DATA UNDER STUDY -
Segment Open

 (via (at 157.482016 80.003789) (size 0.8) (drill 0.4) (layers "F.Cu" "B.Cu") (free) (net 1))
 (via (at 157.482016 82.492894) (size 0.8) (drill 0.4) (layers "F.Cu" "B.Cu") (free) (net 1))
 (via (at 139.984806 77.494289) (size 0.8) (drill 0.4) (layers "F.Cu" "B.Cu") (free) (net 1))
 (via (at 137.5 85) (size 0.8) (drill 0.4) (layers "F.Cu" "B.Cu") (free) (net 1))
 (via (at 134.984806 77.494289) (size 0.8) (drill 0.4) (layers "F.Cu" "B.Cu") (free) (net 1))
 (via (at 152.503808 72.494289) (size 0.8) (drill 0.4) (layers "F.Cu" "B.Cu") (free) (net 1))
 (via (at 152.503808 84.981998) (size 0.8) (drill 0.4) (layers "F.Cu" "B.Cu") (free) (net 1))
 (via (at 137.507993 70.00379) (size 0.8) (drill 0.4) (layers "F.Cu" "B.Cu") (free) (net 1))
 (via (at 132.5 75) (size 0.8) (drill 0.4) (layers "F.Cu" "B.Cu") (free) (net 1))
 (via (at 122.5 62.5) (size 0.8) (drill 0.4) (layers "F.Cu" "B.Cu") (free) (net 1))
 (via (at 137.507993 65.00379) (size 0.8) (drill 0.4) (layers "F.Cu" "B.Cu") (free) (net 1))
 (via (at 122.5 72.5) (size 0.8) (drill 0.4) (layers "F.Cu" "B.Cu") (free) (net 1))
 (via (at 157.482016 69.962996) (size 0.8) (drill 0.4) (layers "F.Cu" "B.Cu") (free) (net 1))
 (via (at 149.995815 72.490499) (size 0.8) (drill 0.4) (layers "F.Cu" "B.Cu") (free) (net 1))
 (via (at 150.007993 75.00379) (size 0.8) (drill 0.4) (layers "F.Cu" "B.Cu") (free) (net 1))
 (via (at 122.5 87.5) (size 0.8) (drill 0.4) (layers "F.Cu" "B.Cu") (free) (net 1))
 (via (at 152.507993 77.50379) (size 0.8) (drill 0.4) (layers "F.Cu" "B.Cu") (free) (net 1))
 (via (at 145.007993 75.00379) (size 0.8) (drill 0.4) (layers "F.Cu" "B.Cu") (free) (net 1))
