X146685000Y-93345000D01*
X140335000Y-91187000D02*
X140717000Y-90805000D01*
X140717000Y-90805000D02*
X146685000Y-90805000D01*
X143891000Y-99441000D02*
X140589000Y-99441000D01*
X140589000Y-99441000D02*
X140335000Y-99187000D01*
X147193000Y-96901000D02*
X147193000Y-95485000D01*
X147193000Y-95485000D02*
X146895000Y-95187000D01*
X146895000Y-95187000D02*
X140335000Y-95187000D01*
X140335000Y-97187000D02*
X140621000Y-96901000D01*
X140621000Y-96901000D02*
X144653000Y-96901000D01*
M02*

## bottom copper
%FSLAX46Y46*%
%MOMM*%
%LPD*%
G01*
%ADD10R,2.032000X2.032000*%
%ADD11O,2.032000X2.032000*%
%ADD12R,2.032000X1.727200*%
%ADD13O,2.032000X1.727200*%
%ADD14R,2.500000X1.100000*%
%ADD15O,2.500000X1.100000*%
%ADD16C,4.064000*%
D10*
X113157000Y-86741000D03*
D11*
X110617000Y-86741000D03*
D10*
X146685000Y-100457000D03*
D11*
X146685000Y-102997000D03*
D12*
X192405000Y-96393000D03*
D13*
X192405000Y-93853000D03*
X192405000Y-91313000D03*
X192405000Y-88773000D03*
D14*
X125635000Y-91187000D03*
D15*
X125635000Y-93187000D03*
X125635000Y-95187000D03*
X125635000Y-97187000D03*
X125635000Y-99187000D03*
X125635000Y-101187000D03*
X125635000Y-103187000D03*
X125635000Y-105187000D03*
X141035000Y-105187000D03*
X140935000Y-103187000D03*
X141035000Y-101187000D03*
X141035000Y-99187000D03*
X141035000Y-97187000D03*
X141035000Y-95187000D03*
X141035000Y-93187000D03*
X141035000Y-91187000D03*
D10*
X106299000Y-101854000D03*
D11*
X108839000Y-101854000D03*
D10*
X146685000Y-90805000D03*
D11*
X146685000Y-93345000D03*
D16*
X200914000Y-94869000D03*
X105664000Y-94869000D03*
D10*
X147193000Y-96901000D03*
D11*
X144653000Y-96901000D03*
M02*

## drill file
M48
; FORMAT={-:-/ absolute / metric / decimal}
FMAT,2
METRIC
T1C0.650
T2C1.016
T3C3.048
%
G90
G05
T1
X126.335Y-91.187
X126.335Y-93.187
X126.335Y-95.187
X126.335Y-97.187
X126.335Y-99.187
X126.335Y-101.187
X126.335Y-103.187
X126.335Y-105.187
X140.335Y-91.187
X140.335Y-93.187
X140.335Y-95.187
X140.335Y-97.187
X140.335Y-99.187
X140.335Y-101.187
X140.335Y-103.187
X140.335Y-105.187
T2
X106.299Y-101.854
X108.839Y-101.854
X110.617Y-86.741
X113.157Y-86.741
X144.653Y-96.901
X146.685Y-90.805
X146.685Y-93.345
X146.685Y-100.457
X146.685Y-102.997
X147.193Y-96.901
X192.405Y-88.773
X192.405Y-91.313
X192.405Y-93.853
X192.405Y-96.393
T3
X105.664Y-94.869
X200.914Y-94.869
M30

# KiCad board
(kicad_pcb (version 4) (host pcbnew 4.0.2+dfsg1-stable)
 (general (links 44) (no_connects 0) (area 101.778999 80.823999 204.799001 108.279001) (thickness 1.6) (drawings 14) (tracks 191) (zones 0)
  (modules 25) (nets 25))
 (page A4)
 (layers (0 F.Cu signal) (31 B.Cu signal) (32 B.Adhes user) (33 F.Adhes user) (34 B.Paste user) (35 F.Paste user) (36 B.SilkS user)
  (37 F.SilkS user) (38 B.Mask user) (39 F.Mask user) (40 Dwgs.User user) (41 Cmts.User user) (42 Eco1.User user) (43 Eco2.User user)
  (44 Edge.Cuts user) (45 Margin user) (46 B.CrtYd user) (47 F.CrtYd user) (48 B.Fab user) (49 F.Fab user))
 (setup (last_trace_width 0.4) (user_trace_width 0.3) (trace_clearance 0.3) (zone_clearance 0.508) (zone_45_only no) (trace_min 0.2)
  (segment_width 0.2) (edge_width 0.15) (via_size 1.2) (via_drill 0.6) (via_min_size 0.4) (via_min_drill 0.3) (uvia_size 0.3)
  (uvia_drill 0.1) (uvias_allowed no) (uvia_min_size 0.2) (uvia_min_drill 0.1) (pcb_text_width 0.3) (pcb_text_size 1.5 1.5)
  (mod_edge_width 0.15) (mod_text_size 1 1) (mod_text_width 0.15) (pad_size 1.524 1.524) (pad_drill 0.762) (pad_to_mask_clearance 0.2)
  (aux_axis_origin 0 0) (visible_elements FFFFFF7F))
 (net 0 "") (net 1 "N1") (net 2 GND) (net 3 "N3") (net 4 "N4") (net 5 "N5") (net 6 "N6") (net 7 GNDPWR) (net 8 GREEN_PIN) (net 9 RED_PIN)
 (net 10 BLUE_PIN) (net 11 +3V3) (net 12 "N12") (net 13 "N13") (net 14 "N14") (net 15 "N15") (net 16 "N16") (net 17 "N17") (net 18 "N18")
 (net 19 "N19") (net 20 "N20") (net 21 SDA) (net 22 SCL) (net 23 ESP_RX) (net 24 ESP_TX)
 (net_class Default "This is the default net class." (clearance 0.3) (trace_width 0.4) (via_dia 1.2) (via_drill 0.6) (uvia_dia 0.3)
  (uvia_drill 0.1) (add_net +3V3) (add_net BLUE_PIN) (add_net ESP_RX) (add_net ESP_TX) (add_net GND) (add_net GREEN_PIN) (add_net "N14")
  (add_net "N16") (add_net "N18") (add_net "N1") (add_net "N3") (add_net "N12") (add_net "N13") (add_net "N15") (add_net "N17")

Segment Closed

TASK ITEM -
Taking the records above, retype every line from the one with "X126.335Y-95.187" down to the one with "X144.653Y-96.901", exactly and with nothing else.

OUTPUT OF THE EXERCISE -
X126.335Y-95.187
X126.335Y-97.187
X126.335Y-99.187
X126.335Y-101.187
X126.335Y-103.187
X126.335Y-105.187
X140.335Y-91.187
X140.335Y-93.187
X140.335Y-95.187
X140.335Y-97.187
X140.335Y-99.187
X140.335Y-101.187
X140.335Y-103.187
X140.335Y-105.187
T2
X106.299Y-101.854
X108.839Y-101.854
X110.617Y-86.741
X113.157Y-86.741
X144.653Y-96.901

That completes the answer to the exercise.